Further investigation shows that the cause of the problem in my case was logging. Logging (call to comp_err() ) takes about 159 us on FPGA. The test was executed without any parameters to receive logs from DSP, so in theory logging should do almost nothing. But this is not that case. In comparison a call to a function that basically does nothing (buffer_acquire() ) takes about 4 us. In my case there were 3 calls to comp_err() inside 2 _copy() functions called from 2 pipelines. That was enough to do not fit into 1 ms LL scheduler period. After commenting out calls to comp_dbg() inside _copy() functions the problem disappeared.

lgirdwood commented 2 years ago

@serhiy-katsyuba-intel good findings. Do we have any assert() in the comp_err() paths ? IIUC, @kv2019i found an performance issue with assert flow with the Zephyr build config and XCC. Are we also fully using the native Zephyr LOG() calls from the comp_err call (or do we still have some legacy trace logic running)?

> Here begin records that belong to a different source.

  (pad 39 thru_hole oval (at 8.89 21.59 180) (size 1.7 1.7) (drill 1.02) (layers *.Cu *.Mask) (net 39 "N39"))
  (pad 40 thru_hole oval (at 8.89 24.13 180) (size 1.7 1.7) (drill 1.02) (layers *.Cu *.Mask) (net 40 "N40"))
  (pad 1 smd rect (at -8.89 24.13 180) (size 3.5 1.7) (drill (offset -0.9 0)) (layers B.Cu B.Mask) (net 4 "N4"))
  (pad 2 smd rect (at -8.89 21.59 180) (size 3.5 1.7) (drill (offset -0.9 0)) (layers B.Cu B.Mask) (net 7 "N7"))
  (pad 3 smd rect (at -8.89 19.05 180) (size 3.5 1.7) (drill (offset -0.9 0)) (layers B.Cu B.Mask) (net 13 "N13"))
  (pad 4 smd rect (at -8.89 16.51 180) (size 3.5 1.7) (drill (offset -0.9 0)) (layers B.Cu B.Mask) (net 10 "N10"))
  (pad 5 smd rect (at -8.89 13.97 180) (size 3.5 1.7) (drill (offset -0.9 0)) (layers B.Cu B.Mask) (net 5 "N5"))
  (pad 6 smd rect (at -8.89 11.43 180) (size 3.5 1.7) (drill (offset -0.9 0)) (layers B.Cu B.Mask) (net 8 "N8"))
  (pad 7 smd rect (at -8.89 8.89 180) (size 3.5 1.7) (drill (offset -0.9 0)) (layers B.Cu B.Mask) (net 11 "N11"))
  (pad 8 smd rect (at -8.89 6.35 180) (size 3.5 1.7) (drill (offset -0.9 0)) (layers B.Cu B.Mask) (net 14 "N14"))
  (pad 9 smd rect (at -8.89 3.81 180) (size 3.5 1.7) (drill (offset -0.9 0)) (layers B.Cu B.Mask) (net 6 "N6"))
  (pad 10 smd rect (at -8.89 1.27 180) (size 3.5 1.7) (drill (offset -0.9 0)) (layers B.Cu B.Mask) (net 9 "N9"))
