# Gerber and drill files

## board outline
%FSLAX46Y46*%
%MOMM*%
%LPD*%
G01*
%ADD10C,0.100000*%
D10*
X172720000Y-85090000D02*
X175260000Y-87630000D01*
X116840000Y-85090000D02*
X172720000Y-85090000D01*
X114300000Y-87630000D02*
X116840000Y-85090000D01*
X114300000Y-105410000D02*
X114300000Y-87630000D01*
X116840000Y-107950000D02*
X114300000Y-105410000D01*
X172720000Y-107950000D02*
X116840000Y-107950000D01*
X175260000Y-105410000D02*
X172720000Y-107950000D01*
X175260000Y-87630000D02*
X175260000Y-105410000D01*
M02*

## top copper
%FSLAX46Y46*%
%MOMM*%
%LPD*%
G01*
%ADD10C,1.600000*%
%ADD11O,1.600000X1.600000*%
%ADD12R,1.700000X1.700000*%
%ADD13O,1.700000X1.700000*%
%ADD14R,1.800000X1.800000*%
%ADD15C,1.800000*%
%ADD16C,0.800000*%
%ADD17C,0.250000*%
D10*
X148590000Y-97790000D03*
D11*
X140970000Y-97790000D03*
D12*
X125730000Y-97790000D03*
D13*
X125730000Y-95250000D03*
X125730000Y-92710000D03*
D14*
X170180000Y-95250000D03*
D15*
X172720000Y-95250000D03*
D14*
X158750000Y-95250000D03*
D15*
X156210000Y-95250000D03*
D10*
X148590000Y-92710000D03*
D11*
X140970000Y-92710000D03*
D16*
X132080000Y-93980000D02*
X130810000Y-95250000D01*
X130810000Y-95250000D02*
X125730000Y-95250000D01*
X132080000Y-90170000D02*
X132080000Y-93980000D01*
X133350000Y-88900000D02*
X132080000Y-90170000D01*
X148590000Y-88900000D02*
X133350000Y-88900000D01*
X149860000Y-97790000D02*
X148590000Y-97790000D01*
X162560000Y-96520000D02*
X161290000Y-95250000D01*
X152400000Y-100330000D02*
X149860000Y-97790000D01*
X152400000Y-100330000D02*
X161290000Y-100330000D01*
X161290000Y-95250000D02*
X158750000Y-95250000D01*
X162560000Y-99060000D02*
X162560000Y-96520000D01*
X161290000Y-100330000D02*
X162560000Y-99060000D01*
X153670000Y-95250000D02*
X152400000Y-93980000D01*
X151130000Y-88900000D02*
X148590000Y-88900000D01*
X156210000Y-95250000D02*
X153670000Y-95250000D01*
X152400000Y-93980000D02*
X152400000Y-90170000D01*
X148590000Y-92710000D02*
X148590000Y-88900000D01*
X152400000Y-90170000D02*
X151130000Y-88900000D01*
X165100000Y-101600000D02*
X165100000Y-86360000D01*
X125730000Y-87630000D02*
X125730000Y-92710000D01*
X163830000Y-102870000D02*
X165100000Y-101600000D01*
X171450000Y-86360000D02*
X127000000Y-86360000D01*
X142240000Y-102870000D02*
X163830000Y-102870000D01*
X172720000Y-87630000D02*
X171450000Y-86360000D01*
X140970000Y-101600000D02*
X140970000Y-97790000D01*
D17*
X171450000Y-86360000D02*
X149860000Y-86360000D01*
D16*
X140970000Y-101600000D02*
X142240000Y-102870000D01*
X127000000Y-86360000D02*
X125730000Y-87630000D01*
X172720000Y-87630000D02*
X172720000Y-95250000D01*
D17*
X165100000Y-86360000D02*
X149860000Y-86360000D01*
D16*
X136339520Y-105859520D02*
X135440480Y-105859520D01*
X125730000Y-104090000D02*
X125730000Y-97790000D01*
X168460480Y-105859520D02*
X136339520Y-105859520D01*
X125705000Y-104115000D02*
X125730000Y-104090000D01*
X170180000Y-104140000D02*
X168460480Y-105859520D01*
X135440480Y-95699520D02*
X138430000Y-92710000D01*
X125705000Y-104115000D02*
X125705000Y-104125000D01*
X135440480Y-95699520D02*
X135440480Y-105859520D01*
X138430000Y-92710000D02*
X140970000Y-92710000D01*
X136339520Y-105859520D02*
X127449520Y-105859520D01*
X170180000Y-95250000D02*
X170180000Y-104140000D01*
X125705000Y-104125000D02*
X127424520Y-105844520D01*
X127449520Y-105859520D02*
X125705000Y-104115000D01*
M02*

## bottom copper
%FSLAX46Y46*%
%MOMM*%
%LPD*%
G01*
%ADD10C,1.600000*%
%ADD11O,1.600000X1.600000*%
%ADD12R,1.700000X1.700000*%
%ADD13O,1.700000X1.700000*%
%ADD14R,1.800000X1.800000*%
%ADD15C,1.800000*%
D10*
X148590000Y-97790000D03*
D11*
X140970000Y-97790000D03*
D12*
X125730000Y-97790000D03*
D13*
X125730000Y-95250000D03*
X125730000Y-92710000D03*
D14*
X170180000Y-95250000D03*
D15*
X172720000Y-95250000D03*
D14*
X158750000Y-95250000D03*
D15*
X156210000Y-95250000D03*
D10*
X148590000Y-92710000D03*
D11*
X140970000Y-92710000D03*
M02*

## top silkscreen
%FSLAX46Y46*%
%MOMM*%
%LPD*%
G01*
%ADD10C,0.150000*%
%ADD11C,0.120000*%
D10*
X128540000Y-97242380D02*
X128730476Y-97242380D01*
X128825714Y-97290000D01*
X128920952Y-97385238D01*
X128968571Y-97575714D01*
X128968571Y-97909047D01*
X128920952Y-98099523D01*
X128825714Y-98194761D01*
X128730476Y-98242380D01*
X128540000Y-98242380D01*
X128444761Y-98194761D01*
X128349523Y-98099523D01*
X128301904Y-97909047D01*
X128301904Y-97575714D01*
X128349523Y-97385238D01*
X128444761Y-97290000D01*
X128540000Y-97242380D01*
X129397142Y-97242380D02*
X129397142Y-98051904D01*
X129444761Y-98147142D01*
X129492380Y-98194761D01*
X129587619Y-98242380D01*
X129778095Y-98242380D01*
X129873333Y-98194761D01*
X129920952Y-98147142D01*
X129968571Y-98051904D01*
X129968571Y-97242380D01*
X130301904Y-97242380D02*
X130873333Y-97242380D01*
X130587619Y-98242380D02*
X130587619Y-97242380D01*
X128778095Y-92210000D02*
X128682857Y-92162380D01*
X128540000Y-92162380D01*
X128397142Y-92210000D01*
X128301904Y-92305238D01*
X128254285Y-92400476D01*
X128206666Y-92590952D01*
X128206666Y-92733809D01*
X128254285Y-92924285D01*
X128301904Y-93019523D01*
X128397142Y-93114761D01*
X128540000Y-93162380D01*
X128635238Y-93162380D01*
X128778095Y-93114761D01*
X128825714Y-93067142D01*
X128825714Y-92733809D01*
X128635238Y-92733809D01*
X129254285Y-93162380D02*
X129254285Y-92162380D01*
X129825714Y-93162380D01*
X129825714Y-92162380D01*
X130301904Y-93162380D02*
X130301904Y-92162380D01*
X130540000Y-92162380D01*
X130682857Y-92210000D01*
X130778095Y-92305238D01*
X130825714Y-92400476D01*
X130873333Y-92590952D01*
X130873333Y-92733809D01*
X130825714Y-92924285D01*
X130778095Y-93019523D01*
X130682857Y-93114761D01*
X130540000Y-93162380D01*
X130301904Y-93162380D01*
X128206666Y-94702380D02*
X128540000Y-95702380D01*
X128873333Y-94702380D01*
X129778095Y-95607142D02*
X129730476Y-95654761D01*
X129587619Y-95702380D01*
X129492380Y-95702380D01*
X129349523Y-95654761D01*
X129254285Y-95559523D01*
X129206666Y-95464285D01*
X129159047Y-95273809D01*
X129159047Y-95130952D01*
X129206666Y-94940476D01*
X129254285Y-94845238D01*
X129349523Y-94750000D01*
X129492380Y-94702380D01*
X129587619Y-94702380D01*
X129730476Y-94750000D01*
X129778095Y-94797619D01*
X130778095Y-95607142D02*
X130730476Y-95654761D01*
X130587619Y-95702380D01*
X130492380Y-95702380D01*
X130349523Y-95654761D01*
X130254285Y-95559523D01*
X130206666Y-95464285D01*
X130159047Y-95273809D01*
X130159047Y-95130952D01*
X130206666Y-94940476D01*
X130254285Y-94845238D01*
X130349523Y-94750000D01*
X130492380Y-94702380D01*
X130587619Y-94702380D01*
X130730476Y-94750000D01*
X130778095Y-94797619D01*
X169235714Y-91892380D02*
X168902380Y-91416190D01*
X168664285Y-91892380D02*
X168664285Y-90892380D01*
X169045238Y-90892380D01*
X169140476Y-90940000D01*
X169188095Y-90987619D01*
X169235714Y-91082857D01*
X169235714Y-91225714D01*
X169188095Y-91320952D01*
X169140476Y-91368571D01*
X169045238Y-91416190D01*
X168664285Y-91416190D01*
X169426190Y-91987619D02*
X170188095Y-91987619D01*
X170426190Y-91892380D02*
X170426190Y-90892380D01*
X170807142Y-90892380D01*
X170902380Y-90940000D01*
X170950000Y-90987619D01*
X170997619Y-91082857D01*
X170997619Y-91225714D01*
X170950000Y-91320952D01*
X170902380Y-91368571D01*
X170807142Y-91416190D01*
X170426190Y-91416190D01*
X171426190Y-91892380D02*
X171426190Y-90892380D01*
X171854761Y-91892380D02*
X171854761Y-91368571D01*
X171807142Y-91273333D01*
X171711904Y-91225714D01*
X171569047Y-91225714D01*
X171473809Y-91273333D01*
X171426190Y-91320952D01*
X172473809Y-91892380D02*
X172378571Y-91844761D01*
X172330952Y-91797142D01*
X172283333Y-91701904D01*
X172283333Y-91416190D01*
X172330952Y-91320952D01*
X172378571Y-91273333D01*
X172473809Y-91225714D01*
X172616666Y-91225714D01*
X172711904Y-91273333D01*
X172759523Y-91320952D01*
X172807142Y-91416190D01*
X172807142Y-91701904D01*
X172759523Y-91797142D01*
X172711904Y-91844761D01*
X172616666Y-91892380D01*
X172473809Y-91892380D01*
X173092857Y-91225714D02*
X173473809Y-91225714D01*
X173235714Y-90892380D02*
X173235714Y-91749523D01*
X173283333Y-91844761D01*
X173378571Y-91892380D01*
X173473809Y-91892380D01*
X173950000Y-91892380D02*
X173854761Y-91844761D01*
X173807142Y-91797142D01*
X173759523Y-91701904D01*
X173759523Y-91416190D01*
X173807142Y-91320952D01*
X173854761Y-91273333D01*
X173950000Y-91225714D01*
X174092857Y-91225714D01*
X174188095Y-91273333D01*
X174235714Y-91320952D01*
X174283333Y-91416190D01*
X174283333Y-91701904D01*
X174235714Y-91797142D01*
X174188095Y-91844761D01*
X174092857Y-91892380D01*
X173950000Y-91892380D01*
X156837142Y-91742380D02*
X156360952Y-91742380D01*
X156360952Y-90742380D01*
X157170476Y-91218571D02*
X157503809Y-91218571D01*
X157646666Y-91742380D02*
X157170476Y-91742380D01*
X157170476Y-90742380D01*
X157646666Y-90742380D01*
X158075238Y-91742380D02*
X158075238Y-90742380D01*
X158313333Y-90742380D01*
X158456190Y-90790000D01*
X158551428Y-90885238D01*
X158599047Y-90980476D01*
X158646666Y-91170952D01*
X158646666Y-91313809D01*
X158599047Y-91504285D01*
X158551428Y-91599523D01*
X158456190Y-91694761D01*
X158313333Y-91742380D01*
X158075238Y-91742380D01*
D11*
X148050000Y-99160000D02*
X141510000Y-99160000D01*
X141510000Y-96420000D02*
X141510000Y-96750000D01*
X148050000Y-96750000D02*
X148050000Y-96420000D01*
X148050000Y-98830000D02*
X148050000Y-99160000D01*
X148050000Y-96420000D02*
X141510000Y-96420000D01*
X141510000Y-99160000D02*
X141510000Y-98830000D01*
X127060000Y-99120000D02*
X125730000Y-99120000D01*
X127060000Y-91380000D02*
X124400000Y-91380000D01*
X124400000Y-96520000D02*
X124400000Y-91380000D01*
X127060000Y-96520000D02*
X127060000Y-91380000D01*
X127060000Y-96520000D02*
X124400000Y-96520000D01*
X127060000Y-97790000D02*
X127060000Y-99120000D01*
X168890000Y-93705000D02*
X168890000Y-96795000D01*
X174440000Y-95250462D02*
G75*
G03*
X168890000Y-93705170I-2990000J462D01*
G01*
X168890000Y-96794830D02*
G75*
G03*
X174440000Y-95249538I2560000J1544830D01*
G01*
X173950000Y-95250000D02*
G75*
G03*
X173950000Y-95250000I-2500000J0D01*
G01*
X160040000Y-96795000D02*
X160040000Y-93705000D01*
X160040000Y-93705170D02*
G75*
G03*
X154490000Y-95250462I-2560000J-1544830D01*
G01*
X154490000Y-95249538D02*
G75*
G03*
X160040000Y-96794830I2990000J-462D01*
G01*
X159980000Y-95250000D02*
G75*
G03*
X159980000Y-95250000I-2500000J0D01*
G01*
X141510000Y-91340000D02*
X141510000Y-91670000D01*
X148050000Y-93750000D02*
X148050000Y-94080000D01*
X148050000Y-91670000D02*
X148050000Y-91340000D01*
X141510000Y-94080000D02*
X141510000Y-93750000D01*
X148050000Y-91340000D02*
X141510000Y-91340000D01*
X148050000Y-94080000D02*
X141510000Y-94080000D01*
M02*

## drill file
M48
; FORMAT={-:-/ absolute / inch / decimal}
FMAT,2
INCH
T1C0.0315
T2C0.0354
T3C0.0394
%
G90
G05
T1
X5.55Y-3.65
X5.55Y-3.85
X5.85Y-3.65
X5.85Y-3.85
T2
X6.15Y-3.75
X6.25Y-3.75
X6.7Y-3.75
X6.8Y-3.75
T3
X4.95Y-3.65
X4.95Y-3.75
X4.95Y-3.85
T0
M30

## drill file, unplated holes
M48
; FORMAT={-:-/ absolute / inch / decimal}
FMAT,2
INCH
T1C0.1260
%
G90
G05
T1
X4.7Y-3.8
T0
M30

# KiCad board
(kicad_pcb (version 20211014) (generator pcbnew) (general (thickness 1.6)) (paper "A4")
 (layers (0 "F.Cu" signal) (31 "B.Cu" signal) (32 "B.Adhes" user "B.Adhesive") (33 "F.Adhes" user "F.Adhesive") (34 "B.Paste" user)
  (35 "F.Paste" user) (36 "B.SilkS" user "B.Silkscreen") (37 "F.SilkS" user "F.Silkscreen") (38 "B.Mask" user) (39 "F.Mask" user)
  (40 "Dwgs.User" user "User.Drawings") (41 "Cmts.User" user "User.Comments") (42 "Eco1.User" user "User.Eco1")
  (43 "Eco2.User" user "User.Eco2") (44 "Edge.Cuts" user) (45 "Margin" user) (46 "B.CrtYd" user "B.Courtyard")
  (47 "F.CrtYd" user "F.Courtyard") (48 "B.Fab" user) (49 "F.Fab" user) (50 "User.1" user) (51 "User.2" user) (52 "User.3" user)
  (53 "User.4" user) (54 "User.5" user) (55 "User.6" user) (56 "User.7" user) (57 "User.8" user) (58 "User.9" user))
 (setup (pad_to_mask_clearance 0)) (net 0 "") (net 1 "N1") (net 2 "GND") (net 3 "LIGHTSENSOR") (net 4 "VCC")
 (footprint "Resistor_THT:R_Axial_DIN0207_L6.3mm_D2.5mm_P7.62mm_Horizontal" (layer "F.Cu") (at 148.59 97.79 180)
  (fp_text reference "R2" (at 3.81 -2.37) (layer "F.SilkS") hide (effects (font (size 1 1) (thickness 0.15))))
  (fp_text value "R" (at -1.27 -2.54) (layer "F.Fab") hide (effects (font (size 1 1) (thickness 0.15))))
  (fp_line (start 0.54 -1.37) (end 7.08 -1.37) (layer "F.SilkS") (width 0.12))
  (fp_line (start 7.08 1.37) (end 7.08 1.04) (layer "F.SilkS") (width 0.12))
  (fp_line (start 0.54 1.04) (end 0.54 1.37) (layer "F.SilkS") (width 0.12))
  (fp_line (start 0.54 -1.04) (end 0.54 -1.37) (layer "F.SilkS") (width 0.12))
  (fp_line (start 0.54 1.37) (end 7.08 1.37) (layer "F.SilkS") (width 0.12))
  (fp_line (start 7.08 -1.37) (end 7.08 -1.04) (layer "F.SilkS") (width 0.12))
  (pad "1" thru_hole circle locked (at 0 0 180) (size 1.6 1.6) (drill 0.8) (layers *.Cu *.Mask) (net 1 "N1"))
  (pad "2" thru_hole oval locked (at 7.62 0 180) (size 1.6 1.6) (drill 0.8) (layers *.Cu *.Mask) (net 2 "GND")))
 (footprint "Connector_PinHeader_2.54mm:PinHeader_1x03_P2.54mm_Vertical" (layer "F.Cu") (at 125.73 97.79 180)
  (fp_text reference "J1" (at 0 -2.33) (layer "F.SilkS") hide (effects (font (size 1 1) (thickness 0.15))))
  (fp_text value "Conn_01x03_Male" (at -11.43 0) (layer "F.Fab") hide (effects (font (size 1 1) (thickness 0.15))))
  (fp_line (start -1.33 -1.33) (end 0 -1.33) (layer "F.SilkS") (width 0.12))
  (fp_line (start -1.33 6.41) (end 1.33 6.41) (layer "F.SilkS") (width 0.12))
  (fp_line (start 1.33 1.27) (end 1.33 6.41) (layer "F.SilkS") (width 0.12))
  (fp_line (start -1.33 1.27) (end -1.33 6.41) (layer "F.SilkS") (width 0.12))
  (fp_line (start -1.33 1.27) (end 1.33 1.27) (layer "F.SilkS") (width 0.12))
  (fp_line (start -1.33 0) (end -1.33 -1.33) (layer "F.SilkS") (width 0.12))
  (pad "1" thru_hole rect locked (at 0 0 180) (size 1.7 1.7) (drill 1) (layers *.Cu *.Mask) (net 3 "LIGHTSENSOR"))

serhiy-katsyuba-intel commented 2 years ago

Are we also fully using the native Zephyr LOG() calls from the comp_err call (or do we still have some legacy trace logic running)?

comp_err still calls legacy trace logic. embargo branch did not yet switch to use Zephyr LOG.

Sorry, I was busy with high priority task (and will continue for a couple of days) and was not able to debug the issue further :-/

kv2019i commented 2 years ago

A category of IPC timeout bugs have been fixed now in mainline (IPC message lost but subsequence messages were ok).

These two tests now pass in daily test for these platforms: TPLG=/lib/firmware/intel/avs-tplg/cavs-tgl-nocodec.tplg MODEL=ADLP_RVP_NOCODEC_IPC4 ~/sof-test/test-case/check-playback.sh -d 3 -l 1 -r 1 -F TPLG=/lib/firmware/intel/avs-tplg/cavs-tgl-nocodec.tplg MODEL=ADLP_RVP_NOCODEC_IPC4 ~/sof-test/test-case/check-suspend-resume.sh -l 50

Closing this. Let's follow remaining issues in other bugs.